T_0[(2 * slices_per_block + 1):(3 * slices_per_block)] .= 310.

# Unknown Constants
true_k12 = 5.
true_k23 = 4.
true_σ = 2.

# Caches for ForwardDiff
function cache_ks(ks_int, k12, k23, s)
ks_type = promote_type(eltype(ks_int), typeof(k12), typeof(k23))
ks = Vector{ks_type}(undef, 3 * s - 1)
ks[1:(s - 1)] .= ks_int[1]
ks[s] = k12
ks[(s + 1):(2 * s - 1)] .= ks_int[2]
ks[2 * s] = k23
ks[(2 * s + 1):(3 * s - 1)] .= ks_int[3]
ksd = dualcache(ks)
return ksd
end
true_ksd = cache_ks(true_ks_int, true_k12, true_k23, slices_per_block)

true_p = [slices_per_block, true_ksd]
function LSSM(dT, T, p, t)
s, ks = p
ks = get_tmp(ks, T)
N_s = 3 * s
# Conduction
dT[1] = (ks[1] * (T[2] - T[1]))
for i ∈ 2:(N_s - 1)
dT[i] = (ks[i - 1] * (T[i - 1] - T[i]) + ks[i] * (T[i + 1] - T[i]))
end
dT[N_s] = (ks[N_s - 1] * (T[N_s - 1] - T[N_s]))
end
LSSM_dynamics = ODEProblem(LSSM, T_0, (time[1], time[end]), true_p)
true_sol = solve(LSSM_dynamics, Tsit5(); saveat = Δ)
T_obs = true_sol[observed_nodes, :]
y = Array(T_obs) + true_σ * randn(size(Array(T_obs)))

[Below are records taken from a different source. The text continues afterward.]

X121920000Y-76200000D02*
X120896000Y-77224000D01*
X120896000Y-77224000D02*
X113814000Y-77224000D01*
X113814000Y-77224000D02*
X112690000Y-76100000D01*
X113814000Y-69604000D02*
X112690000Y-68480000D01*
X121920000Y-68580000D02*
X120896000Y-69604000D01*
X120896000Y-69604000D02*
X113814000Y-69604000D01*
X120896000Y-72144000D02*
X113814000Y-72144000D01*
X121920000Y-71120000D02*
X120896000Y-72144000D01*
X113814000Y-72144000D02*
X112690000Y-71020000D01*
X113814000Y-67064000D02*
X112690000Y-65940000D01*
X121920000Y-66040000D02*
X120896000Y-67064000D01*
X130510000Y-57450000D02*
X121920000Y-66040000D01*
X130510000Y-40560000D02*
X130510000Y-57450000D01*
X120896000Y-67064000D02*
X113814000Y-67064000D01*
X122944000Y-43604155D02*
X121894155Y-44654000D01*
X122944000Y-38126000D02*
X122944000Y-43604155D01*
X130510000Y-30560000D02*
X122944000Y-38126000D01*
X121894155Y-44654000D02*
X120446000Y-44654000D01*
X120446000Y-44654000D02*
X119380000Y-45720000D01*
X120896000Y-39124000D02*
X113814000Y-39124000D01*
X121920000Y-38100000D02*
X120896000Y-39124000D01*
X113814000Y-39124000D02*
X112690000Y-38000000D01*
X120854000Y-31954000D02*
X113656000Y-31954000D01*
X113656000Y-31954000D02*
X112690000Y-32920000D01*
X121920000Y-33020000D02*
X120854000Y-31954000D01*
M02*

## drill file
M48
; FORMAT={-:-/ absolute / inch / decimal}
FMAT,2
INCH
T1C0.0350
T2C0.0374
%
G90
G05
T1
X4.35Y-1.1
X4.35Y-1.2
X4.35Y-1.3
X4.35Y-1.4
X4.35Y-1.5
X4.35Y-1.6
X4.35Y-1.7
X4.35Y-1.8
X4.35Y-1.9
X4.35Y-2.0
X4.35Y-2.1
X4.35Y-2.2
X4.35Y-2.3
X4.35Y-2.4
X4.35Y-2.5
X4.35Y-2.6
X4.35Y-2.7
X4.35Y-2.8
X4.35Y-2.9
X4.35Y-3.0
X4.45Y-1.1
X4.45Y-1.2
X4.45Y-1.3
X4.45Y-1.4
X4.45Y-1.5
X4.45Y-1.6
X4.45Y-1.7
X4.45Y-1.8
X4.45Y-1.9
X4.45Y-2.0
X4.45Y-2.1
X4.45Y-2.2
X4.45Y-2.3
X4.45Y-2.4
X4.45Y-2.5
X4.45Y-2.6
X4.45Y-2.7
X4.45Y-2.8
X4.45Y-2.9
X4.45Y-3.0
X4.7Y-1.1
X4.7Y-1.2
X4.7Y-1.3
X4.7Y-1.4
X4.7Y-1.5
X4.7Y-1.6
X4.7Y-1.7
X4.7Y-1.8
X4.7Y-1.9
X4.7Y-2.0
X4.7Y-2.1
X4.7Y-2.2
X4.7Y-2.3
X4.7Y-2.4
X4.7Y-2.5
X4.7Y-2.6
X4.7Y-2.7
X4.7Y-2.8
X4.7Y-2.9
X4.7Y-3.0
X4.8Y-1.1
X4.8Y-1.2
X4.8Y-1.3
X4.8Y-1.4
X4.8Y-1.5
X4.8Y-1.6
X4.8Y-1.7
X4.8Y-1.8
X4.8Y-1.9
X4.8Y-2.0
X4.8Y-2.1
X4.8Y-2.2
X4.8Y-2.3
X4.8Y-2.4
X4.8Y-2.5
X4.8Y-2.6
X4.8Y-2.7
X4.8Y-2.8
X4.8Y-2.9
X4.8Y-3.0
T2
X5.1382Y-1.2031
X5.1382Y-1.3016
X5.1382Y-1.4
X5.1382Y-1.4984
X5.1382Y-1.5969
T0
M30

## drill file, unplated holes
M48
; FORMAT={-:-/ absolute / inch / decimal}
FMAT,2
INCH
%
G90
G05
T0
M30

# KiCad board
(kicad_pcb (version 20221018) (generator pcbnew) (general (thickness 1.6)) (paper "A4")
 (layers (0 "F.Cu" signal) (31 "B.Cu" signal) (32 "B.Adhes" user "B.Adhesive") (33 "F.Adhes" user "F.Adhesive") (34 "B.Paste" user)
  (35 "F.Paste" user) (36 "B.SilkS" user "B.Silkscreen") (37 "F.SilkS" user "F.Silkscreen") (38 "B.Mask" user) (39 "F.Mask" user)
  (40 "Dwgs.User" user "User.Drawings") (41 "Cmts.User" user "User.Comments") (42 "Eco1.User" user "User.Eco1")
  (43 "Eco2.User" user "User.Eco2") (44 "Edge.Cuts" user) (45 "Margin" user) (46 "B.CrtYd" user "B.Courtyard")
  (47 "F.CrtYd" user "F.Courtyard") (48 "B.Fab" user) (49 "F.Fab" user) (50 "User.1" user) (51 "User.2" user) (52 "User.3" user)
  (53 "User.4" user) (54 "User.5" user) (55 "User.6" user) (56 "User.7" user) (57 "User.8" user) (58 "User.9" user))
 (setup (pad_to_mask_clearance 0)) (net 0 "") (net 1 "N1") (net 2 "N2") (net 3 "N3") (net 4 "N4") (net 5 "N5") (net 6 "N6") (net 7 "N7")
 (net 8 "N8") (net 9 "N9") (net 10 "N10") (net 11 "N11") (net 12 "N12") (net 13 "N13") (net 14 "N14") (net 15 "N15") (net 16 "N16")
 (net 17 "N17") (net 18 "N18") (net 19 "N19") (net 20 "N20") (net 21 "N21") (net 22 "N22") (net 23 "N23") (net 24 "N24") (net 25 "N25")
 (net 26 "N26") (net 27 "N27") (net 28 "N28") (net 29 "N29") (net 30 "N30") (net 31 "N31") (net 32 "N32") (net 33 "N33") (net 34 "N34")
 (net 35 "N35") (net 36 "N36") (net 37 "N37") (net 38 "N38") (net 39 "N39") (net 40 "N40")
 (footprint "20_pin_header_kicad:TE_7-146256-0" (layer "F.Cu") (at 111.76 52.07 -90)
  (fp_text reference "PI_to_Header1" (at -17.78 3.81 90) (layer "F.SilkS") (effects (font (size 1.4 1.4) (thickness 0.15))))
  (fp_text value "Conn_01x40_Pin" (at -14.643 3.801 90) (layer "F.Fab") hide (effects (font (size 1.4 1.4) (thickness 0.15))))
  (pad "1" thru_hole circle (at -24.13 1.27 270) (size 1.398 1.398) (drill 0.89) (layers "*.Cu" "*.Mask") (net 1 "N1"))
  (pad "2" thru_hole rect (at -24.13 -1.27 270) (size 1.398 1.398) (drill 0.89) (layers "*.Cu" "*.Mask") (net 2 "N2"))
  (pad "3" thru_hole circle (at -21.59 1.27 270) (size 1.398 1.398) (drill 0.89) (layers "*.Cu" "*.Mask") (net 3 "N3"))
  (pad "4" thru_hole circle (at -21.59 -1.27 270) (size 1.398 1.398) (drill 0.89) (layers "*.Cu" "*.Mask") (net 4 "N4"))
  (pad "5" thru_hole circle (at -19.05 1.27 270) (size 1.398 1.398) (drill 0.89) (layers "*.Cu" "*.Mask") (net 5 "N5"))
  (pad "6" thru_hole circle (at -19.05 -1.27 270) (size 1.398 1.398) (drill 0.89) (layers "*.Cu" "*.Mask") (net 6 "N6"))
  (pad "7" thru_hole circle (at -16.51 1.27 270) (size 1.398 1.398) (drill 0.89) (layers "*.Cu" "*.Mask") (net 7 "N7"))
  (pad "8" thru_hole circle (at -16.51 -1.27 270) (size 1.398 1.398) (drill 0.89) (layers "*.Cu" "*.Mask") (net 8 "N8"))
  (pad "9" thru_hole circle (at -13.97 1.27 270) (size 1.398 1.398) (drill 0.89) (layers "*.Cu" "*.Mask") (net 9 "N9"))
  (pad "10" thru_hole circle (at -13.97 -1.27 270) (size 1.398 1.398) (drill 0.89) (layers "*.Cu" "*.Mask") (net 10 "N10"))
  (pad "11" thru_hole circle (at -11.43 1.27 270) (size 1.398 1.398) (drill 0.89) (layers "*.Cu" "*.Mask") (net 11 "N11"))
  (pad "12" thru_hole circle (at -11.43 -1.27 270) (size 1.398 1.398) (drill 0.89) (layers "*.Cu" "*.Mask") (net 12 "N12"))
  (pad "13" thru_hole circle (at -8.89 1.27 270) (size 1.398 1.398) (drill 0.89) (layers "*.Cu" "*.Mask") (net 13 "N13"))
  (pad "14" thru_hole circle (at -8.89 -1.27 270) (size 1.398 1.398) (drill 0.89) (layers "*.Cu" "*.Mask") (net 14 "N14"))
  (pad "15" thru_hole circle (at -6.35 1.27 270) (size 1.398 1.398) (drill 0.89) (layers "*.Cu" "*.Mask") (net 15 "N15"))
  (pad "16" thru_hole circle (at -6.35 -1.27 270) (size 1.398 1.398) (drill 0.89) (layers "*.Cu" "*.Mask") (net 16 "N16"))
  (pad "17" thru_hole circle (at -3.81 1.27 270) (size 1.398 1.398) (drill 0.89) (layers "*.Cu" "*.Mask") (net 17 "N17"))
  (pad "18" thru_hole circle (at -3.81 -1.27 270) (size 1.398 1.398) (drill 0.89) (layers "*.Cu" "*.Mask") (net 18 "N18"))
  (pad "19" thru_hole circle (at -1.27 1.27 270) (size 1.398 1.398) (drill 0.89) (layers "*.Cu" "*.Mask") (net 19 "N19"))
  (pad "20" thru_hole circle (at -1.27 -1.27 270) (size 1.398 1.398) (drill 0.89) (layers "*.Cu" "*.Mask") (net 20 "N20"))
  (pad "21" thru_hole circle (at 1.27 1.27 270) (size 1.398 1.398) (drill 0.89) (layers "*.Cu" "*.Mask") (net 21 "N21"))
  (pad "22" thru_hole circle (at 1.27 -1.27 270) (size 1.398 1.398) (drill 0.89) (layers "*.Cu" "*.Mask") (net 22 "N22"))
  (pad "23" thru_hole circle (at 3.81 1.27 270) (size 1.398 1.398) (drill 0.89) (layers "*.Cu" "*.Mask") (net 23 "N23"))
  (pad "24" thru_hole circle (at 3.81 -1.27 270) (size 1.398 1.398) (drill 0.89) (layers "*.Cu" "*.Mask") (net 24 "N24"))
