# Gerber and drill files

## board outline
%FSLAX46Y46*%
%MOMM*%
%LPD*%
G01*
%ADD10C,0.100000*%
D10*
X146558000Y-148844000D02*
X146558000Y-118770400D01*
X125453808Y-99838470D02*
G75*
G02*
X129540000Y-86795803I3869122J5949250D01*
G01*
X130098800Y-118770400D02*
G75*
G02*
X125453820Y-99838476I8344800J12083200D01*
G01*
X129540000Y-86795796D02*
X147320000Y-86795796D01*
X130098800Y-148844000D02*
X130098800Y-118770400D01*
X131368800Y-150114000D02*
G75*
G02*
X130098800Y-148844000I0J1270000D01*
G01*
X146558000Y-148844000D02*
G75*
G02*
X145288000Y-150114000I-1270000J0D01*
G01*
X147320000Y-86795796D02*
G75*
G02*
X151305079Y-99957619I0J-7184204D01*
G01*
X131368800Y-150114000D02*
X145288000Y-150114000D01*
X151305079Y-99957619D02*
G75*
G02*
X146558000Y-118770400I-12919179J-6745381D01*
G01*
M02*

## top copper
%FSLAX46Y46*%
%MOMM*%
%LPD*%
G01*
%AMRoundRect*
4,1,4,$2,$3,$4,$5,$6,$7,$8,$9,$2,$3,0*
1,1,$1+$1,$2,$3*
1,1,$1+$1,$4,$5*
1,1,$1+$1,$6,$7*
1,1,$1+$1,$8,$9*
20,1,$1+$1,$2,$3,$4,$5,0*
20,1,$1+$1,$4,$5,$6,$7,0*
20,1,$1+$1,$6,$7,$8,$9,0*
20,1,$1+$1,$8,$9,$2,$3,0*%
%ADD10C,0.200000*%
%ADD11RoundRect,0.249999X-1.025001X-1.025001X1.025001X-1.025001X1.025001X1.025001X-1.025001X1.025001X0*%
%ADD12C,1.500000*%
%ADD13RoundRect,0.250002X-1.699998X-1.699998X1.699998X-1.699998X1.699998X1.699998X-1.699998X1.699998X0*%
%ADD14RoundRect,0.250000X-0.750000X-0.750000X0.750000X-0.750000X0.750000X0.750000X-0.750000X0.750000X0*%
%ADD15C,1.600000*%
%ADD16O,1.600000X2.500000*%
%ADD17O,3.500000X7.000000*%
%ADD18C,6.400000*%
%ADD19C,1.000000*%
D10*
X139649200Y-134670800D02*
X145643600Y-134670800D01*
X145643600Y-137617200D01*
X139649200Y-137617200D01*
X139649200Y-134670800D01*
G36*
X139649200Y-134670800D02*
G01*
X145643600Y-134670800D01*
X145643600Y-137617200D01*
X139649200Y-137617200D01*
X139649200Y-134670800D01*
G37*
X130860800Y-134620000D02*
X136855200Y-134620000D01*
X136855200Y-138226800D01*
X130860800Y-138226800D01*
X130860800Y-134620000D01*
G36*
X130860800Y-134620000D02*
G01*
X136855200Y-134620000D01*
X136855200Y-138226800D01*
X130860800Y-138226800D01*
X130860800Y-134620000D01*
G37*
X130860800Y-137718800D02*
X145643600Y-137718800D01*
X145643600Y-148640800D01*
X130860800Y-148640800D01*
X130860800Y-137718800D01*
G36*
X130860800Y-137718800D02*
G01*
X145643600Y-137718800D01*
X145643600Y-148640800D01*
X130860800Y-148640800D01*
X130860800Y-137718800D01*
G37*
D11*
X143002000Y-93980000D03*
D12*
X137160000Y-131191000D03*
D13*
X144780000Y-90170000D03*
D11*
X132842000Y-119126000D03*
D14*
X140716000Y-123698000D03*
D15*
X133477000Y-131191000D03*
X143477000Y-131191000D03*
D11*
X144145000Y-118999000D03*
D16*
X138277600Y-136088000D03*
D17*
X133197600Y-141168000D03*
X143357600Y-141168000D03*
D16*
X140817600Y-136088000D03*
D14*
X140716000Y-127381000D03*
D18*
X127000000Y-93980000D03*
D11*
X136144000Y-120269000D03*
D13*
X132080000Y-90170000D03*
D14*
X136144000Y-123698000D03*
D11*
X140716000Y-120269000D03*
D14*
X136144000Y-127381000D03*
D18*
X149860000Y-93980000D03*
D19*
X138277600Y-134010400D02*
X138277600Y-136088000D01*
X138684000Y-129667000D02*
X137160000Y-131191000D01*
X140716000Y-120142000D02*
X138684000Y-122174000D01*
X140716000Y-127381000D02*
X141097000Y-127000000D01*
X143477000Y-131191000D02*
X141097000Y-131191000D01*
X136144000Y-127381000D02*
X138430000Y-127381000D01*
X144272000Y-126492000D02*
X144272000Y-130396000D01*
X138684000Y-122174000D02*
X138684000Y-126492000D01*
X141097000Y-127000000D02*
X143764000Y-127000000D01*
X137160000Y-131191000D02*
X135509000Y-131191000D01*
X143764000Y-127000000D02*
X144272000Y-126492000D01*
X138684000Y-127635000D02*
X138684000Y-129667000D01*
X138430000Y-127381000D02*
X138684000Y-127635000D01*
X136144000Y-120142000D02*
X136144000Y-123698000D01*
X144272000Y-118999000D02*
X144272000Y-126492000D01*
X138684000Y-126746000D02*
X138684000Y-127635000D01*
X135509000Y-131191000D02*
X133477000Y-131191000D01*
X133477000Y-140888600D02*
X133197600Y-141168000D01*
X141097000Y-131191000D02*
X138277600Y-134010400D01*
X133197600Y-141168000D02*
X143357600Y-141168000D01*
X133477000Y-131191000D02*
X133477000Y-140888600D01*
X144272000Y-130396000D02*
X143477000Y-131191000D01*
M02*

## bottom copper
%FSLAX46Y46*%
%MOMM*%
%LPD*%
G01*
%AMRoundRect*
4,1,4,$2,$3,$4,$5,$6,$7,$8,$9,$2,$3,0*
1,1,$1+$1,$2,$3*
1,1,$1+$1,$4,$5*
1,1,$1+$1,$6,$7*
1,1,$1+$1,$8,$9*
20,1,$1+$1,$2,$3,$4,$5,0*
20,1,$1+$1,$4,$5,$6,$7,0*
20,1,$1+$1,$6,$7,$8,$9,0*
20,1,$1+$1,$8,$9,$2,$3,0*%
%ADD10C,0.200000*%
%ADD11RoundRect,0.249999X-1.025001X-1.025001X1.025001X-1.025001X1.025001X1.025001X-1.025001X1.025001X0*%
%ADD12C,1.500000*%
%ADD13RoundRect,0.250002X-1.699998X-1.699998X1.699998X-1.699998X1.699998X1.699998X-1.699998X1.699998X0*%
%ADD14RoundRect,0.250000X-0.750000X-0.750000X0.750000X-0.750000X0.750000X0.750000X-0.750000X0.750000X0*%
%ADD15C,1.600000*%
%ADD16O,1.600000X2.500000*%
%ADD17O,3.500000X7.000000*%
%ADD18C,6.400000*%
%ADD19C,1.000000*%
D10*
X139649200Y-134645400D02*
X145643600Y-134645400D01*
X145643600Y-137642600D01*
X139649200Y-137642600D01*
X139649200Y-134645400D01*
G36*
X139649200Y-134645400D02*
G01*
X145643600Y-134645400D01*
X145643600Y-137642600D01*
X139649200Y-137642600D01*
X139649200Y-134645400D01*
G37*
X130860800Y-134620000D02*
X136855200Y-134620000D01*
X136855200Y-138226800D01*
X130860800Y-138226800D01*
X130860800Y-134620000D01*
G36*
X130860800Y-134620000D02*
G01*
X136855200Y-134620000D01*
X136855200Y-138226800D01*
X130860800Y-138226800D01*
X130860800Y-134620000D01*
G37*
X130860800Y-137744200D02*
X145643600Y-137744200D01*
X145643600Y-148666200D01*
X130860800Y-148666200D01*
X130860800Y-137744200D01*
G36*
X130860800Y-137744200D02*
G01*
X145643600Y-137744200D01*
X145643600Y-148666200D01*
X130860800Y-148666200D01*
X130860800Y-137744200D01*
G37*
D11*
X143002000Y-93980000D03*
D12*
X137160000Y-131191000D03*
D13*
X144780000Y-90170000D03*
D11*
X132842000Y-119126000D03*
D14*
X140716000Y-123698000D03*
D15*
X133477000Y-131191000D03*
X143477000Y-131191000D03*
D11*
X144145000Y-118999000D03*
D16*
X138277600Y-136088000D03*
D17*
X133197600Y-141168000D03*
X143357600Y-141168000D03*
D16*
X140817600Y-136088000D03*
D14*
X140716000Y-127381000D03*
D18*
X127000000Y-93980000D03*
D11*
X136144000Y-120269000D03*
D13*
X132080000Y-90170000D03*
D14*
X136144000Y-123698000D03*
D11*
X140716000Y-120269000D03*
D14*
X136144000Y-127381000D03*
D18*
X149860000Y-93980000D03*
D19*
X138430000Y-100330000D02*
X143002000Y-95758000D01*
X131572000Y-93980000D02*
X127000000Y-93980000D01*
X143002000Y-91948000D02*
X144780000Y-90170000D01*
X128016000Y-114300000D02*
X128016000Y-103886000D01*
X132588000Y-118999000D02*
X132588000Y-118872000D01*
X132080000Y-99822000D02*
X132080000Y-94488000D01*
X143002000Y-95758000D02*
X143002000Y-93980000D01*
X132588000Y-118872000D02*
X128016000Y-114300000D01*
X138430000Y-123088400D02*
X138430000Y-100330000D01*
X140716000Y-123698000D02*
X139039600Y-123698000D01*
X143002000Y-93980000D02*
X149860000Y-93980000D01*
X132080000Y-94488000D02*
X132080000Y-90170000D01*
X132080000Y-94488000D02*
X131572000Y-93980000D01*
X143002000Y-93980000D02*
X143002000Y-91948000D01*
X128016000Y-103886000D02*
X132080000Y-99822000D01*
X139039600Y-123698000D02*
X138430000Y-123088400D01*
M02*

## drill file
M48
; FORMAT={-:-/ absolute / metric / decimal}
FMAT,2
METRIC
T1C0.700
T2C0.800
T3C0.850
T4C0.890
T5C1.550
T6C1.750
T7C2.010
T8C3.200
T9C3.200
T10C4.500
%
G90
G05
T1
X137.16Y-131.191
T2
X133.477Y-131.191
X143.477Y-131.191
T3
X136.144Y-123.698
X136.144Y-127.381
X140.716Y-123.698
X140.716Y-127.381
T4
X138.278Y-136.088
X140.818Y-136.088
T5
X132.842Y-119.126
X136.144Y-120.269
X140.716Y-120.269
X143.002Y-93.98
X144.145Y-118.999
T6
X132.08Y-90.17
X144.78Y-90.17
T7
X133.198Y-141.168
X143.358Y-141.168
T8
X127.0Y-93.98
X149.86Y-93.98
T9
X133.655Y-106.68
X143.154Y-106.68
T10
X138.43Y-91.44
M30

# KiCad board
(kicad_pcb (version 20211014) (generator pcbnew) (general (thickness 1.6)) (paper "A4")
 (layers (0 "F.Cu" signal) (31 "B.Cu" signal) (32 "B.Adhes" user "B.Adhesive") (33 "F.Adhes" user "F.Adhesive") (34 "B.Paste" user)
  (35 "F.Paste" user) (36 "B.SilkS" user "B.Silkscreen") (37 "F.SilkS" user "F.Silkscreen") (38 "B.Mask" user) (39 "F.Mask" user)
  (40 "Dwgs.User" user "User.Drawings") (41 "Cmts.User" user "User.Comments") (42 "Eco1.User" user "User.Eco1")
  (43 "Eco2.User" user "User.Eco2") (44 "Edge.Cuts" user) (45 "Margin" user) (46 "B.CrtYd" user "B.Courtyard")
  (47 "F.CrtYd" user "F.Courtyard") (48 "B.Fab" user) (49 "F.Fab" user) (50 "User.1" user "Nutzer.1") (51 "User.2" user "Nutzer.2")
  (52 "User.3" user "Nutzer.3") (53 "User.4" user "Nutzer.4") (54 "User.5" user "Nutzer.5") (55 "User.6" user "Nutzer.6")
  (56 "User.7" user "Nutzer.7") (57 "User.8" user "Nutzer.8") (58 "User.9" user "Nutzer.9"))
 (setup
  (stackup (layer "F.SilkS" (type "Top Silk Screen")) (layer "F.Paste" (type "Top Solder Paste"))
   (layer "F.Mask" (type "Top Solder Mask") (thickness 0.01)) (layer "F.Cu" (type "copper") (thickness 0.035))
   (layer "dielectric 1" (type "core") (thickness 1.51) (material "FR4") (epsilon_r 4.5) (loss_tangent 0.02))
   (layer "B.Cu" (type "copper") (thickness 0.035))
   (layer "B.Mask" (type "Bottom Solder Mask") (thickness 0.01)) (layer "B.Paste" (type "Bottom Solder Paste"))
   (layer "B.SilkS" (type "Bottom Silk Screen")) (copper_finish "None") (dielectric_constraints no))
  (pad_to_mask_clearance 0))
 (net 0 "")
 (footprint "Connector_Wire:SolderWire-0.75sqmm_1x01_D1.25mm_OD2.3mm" (layer "F.Cu") (at 143.002 93.98)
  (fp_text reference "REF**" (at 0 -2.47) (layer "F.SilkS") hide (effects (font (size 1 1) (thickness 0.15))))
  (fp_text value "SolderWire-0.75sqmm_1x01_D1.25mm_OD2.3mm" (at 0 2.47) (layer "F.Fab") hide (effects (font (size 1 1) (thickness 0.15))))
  (pad "1" thru_hole roundrect (at 0 0) (size 2.55 2.55) (drill 1.55) (layers *.Cu *.Mask) (roundrect_rratio 0.098039)))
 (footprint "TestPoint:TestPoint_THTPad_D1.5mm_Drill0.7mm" (layer "F.Cu") (at 137.16 131.191)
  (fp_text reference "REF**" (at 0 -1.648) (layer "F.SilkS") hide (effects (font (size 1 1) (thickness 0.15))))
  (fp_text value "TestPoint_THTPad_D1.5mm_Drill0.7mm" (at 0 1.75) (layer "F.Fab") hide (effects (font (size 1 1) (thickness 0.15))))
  (pad "1" thru_hole circle (at 0 0) (size 1.5 1.5) (drill 0.7) (layers *.Cu *.Mask)))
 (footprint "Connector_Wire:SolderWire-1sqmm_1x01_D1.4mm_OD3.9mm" (layer "F.Cu") (at 144.78 90.17)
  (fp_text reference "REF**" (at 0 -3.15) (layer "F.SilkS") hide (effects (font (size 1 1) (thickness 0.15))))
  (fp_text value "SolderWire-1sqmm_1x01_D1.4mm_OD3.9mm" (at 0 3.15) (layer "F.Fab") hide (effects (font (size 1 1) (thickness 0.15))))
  (pad "1" thru_hole roundrect (at 0 0) (size 3.9 3.9) (drill 1.75) (layers *.Cu *.Mask) (roundrect_rratio 0.064103)))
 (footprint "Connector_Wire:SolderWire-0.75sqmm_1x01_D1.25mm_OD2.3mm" (layer "F.Cu") (at 132.842 119.126)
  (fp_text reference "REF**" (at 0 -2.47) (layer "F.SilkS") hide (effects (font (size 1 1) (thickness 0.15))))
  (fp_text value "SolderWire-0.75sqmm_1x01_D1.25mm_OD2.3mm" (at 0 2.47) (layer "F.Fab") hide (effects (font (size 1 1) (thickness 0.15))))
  (pad "1" thru_hole roundrect (at 0 0) (size 2.55 2.55) (drill 1.55) (layers *.Cu *.Mask) (roundrect_rratio 0.098039)))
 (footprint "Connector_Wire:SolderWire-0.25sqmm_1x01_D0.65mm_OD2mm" (layer "F.Cu") (at 140.716 123.698)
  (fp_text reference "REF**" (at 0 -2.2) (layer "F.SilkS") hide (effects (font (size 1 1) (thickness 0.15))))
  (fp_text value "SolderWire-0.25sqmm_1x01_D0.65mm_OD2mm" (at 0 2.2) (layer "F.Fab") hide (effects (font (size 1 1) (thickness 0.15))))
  (pad "1" thru_hole roundrect (at 0 0) (size 2 2) (drill 0.85) (layers *.Cu *.Mask) (roundrect_rratio 0.125)))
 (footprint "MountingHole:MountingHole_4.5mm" (layer "F.Cu") (at 138.43 91.44)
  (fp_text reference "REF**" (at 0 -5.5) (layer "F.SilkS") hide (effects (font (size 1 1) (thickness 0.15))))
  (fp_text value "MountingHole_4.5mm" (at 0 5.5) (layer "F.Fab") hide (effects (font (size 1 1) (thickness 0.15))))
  (pad "" np_thru_hole circle (at 0 0) (size 4.5 4.5) (drill 4.5) (layers *.Cu *.Mask)))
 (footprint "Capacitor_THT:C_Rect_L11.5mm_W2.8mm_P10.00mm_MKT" (layer "F.Cu") (at 133.477 131.191)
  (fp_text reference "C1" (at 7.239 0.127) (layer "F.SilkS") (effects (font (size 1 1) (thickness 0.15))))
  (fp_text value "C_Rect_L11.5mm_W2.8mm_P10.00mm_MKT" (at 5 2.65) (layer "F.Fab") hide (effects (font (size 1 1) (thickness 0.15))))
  (pad "1" thru_hole circle (at 0 0) (size 1.6 1.6) (drill 0.8) (layers *.Cu *.Mask))
  (pad "2" thru_hole circle (at 10 0) (size 1.6 1.6) (drill 0.8) (layers *.Cu *.Mask)))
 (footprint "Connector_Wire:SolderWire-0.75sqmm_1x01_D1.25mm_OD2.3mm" (layer "F.Cu") (at 144.145 118.999)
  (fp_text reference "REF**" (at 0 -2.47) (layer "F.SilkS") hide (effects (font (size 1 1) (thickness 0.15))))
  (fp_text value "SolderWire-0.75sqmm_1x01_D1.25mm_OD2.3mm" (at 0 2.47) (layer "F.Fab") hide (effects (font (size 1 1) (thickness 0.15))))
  (pad "1" thru_hole roundrect (at 0 0) (size 2.55 2.55) (drill 1.55) (layers *.Cu *.Mask) (roundrect_rratio 0.098039)))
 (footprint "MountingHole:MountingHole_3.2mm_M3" (layer "F.Cu") (at 143.1544 106.68)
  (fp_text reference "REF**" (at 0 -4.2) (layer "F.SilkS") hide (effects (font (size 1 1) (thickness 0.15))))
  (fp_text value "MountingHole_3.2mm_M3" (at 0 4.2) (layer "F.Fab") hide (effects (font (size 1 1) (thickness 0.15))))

@model function fit_LSSM(data, system, syst_consts)
σ ~ Gamma(1, 1)
k12 ~ Gamma(1, 1)
k23 ~ Gamma(1, 1)
s, ks_int, Δ = syst_consts
ksd = cache_ks(ks_int, k12, k23, s)
p = [s, ksd]
predicted = solve(system, Tsit5(); p = p, saveat = Δ)
for i ∈ 1:length(predicted)
data[:, i] ~ MvNormal(predicted[observed_nodes, i], σ^2 * I)
end
end

model = fit_LSSM(y, LSSM_dynamics, [slices_per_block, true_ks_int, Δ]);

chain = sample(model, NUTS(0.65), MCMCSerial(), 1000, 1; progress = false)

``````

I figured out a nice trick to make your code work with no fuss. The code from your original example will now work when DiffEqBase v6.91.6 is released (probably tomorrow), so no PreallocationTools.jl or anything required (it wasn’t being used correctly anyways ). Sorry for the late response but I thought I might as well find the real way to handle it. Cheers

1 Like

Thank you! I updated my packages, and now both my mwe and my real code work.